WHAT YOU ARE ASKED TO DO »
Write out the stretch of lines below that begins at the line with "X118.841Y-96.685" and ends at the line with "(44 Edge.Cuts user)", including both, exactly as given and nothing more.
------------
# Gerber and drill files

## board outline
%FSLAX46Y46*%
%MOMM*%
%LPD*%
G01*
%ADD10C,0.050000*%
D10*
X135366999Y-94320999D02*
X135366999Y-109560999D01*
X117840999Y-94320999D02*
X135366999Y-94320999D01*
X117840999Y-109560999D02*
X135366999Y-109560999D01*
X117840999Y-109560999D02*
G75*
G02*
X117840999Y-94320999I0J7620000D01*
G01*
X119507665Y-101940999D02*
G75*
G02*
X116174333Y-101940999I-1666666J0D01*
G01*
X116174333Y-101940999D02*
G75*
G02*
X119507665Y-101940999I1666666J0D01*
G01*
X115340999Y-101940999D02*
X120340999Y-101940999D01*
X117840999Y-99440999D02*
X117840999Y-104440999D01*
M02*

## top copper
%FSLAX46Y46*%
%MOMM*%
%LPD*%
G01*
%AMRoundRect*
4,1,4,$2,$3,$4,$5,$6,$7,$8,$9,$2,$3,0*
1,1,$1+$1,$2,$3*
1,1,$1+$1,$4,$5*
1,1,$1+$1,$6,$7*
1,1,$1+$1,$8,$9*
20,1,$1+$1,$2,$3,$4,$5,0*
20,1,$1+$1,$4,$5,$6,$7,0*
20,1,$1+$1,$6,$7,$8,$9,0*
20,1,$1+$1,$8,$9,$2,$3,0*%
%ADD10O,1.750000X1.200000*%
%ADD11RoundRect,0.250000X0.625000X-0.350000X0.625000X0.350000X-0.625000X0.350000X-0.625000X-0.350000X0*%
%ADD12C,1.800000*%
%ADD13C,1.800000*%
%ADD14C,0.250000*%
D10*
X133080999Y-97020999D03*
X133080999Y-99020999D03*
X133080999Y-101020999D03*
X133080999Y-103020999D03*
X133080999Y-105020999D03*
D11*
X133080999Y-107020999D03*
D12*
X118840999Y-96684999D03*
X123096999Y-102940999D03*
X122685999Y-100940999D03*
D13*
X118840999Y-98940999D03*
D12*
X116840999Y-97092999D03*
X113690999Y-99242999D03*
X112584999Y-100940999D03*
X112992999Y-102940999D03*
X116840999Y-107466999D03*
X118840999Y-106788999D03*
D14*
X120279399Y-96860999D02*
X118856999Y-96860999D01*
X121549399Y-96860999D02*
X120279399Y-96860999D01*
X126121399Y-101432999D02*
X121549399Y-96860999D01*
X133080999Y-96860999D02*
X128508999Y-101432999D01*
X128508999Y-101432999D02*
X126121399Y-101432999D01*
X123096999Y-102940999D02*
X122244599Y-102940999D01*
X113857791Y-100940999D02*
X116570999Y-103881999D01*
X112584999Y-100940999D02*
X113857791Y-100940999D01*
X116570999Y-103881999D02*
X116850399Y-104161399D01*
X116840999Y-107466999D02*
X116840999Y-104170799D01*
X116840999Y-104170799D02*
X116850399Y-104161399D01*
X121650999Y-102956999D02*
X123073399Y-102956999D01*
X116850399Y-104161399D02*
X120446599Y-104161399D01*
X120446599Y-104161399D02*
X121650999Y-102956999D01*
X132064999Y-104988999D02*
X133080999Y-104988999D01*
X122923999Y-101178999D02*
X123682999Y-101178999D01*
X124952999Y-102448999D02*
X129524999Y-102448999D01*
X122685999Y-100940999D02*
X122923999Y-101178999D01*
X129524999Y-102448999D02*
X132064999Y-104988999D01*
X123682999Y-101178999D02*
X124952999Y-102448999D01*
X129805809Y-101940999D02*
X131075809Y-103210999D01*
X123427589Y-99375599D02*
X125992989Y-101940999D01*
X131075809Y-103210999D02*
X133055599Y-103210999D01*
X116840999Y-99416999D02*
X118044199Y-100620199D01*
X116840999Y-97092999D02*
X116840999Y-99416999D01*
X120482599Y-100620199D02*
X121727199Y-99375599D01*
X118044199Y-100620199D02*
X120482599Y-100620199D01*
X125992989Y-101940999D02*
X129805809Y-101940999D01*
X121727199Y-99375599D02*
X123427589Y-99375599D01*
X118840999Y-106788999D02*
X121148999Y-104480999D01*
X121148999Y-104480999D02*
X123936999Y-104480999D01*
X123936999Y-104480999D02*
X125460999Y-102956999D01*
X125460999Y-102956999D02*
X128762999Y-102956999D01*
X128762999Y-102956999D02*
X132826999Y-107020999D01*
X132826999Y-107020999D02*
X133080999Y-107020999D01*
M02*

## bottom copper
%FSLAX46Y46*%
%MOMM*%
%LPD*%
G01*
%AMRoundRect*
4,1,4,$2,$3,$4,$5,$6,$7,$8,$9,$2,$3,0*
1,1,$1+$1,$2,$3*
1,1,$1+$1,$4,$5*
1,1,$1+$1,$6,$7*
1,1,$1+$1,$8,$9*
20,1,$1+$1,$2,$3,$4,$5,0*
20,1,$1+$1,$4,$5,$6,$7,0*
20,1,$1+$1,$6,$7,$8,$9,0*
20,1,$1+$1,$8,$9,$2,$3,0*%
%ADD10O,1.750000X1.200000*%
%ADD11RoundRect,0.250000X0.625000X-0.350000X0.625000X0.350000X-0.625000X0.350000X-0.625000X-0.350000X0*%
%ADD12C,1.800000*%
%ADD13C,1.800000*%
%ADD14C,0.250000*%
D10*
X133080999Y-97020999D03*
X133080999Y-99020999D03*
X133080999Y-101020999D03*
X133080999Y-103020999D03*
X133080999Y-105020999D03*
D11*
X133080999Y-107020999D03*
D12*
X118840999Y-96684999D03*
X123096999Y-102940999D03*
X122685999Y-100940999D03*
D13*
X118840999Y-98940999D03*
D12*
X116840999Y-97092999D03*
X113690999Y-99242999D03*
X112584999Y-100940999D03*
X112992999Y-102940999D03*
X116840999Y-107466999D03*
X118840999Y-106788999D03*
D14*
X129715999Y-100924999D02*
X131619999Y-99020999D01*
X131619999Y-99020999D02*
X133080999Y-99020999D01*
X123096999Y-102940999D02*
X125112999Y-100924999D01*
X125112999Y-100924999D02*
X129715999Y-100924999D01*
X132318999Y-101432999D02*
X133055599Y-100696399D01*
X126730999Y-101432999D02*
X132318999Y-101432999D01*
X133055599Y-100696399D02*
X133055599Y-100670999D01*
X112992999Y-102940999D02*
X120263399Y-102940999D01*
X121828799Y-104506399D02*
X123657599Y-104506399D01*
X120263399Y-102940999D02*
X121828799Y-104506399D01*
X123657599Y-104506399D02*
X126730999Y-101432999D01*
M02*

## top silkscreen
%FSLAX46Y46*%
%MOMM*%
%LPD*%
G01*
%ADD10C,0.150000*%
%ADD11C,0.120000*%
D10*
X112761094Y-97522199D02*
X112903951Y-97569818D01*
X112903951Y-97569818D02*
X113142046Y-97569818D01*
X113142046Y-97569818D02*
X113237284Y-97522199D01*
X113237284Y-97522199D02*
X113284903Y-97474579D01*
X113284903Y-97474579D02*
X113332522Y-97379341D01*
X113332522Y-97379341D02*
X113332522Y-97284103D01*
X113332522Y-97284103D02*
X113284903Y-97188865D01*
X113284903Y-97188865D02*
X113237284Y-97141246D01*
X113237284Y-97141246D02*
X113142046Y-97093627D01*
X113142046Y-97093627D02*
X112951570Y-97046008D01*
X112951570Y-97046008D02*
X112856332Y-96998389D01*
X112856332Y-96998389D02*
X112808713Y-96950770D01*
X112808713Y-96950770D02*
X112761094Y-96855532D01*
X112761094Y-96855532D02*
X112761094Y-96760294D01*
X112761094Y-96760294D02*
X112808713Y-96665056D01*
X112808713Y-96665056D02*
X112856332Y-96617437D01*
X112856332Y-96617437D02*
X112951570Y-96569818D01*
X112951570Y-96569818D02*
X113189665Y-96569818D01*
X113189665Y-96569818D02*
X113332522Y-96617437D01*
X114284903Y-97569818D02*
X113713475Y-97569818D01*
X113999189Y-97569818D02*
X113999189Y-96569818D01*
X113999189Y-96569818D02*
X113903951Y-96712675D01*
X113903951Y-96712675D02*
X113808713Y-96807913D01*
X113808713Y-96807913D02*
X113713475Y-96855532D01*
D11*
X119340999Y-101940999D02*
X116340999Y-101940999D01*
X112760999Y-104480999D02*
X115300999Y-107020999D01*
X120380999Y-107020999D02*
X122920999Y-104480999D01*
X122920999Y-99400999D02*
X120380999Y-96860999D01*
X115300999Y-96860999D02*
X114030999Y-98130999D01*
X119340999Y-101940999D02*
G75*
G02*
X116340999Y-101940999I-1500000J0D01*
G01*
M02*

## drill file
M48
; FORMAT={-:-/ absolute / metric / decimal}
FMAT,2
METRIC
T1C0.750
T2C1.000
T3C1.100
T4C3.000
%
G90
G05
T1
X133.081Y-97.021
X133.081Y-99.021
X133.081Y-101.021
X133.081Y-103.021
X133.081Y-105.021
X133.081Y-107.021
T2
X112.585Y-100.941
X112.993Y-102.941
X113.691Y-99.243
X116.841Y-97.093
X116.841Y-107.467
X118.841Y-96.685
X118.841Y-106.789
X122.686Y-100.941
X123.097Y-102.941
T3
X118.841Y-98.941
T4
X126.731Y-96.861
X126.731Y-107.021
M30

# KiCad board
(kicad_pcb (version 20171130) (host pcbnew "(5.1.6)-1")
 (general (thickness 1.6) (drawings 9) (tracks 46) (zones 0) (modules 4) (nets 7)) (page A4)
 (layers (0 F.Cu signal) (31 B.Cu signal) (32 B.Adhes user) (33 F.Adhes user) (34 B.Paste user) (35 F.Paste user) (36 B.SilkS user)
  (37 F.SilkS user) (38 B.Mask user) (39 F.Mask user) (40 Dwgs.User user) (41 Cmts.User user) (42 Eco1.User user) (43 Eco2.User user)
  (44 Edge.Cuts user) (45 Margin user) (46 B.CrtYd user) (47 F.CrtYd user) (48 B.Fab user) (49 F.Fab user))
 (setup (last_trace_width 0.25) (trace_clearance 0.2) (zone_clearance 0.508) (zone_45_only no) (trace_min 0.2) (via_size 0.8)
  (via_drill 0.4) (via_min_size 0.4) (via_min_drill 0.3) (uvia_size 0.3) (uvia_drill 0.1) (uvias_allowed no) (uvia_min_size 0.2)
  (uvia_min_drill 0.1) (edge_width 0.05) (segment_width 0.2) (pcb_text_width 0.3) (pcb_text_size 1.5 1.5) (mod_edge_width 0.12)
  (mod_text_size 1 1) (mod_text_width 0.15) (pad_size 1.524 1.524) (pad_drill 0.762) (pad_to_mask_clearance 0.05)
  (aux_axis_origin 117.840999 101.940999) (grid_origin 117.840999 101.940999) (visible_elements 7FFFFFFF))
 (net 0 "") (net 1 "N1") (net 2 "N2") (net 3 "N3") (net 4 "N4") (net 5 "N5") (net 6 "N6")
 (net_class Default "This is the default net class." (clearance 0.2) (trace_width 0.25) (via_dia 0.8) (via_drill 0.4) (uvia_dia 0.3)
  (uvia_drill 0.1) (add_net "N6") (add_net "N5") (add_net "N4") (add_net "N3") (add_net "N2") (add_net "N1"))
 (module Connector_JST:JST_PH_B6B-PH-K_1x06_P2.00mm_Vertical (layer B.Cu) (at 133.080999 107.020999 90)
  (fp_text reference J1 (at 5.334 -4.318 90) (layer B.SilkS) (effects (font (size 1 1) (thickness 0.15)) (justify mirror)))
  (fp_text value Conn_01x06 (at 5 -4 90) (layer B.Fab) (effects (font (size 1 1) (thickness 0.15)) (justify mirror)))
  (pad 6 thru_hole oval (at 10 0 90) (size 1.2 1.75) (drill 0.75) (layers *.Cu *.Mask) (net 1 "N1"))
  (pad 5 thru_hole oval (at 8 0 90) (size 1.2 1.75) (drill 0.75) (layers *.Cu *.Mask) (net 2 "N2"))
  (pad 4 thru_hole oval (at 6 0 90) (size 1.2 1.75) (drill 0.75) (layers *.Cu *.Mask) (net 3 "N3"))
  (pad 3 thru_hole oval (at 4 0 90) (size 1.2 1.75) (drill 0.75) (layers *.Cu *.Mask) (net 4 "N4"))
  (pad 2 thru_hole oval (at 2 0 90) (size 1.2 1.75) (drill 0.75) (layers *.Cu *.Mask) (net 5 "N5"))
  (pad 1 thru_hole roundrect (at 0 0 90) (size 1.2 1.75) (drill 0.75) (layers *.Cu *.Mask) (roundrect_rratio 0.208333) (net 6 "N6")))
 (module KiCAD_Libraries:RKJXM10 (layer F.Cu) (at 117.840999 101.940999)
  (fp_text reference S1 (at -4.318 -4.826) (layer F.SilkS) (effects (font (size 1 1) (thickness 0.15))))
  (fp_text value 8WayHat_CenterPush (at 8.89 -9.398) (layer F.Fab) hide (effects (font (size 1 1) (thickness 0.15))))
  (fp_line (start 1.5 0) (end -1.5 0) (layer F.SilkS) (width 0.12))
  (fp_line (start -5.08 2.54) (end -2.54 5.08) (layer F.SilkS) (width 0.12))
  (fp_line (start 2.54 5.08) (end 5.08 2.54) (layer F.SilkS) (width 0.12))
  (fp_line (start 5.08 -2.54) (end 2.54 -5.08) (layer F.SilkS) (width 0.12))
  (fp_line (start -2.54 -5.08) (end -3.81 -3.81) (layer F.SilkS) (width 0.12))
  (fp_arc (start 0 0) (end -1.5 0) (angle -180) (layer F.SilkS) (width 0.12))
  (pad COM thru_hole circle (at 1 -5.256) (size 1.8 1.8) (drill 1) (layers *.Cu *.Mask) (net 1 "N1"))
  (pad PUSH3 thru_hole circle (at 5.256 1) (size 1.8 1.8) (drill 1) (layers *.Cu *.Mask) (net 2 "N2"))
  (pad B thru_hole circle (at 4.845 -1) (size 1.8 1.8) (drill 1) (layers *.Cu *.Mask) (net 5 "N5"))
  (pad "" np_thru_hole circle (at 1 -3) (size 1.8 1.8) (drill 1.1) (layers *.Cu *.Mask))
  (pad C thru_hole circle (at -1 -4.848) (size 1.8 1.8) (drill 1) (layers *.Cu *.Mask) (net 4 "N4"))
  (pad GND thru_hole circle (at -4.15 -2.698) (size 1.8 1.8) (drill 1) (layers *.Cu *.Mask))
  (pad PUSH1 thru_hole circle (at -5.256 -1) (size 1.8 1.8) (drill 1) (layers *.Cu *.Mask) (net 2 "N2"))
  (pad D thru_hole circle (at -4.848 1) (size 1.8 1.8) (drill 1) (layers *.Cu *.Mask) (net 3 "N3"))
  (pad PUSH2 thru_hole circle (at -1 5.526) (size 1.8 1.8) (drill 1) (layers *.Cu *.Mask) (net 2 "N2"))
  (pad A thru_hole circle (at 1 4.848) (size 1.8 1.8) (drill 1) (layers *.Cu *.Mask) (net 6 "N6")))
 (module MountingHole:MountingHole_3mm (layer B.Cu) (at 126.730999 107.020999)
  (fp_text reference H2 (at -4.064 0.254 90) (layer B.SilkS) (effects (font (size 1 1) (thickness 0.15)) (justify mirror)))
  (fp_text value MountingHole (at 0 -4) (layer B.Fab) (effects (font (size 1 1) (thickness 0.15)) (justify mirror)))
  (pad 1 np_thru_hole circle (at 0 0) (size 3 3) (drill 3) (layers *.Cu *.Mask)))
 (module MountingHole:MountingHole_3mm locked (layer B.Cu) (at 126.730999 96.860999)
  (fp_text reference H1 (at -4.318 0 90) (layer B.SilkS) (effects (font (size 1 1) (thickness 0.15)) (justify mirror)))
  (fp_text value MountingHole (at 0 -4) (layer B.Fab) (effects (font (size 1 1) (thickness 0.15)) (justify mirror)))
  (pad 1 np_thru_hole circle (at 0 0) (size 3 3) (drill 3) (layers *.Cu *.Mask)))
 (gr_line (start 135.366999 94.320999) (end 135.366999 109.560999) (layer Edge.Cuts) (width 0.05))
 (gr_line (start 117.840999 94.320999) (end 135.366999 94.320999) (layer Edge.Cuts) (width 0.05))
 (gr_line (start 117.840999 109.560999) (end 135.366999 109.560999) (layer Edge.Cuts) (width 0.05))
 (gr_arc (start 117.840999 101.940999) (end 117.840999 94.320999) (angle -180) (layer Edge.Cuts) (width 0.05))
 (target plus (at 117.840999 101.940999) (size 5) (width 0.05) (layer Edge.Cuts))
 (segment (start 120.279399 96.860999) (end 118.856999 96.860999) (width 0.25) (layer F.Cu) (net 1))
 (segment (start 121.549399 96.860999) (end 120.279399 96.860999) (width 0.25) (layer F.Cu) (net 1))
 (segment (start 126.121399 101.432999) (end 121.549399 96.860999) (width 0.25) (layer F.Cu) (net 1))
 (segment (start 133.080999 96.860999) (end 128.508999 101.432999) (width 0.25) (layer F.Cu) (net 1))
 (segment (start 128.508999 101.432999) (end 126.121399 101.432999) (width 0.25) (layer F.Cu) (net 1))
 (segment (start 123.096999 102.940999) (end 122.244599 102.940999) (width 0.25) (layer F.Cu) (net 2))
------------
RESULT FOR THIS TASK »
X118.841Y-96.685
X118.841Y-106.789
X122.686Y-100.941
X123.097Y-102.941
T3
X118.841Y-98.941
T4
X126.731Y-96.861
X126.731Y-107.021
M30

# KiCad board
(kicad_pcb (version 20171130) (host pcbnew "(5.1.6)-1")
 (general (thickness 1.6) (drawings 9) (tracks 46) (zones 0) (modules 4) (nets 7)) (page A4)
 (layers (0 F.Cu signal) (31 B.Cu signal) (32 B.Adhes user) (33 F.Adhes user) (34 B.Paste user) (35 F.Paste user) (36 B.SilkS user)
  (37 F.SilkS user) (38 B.Mask user) (39 F.Mask user) (40 Dwgs.User user) (41 Cmts.User user) (42 Eco1.User user) (43 Eco2.User user)
  (44 Edge.Cuts user) (45 Margin user) (46 B.CrtYd user) (47 F.CrtYd user) (48 B.Fab user) (49 F.Fab user))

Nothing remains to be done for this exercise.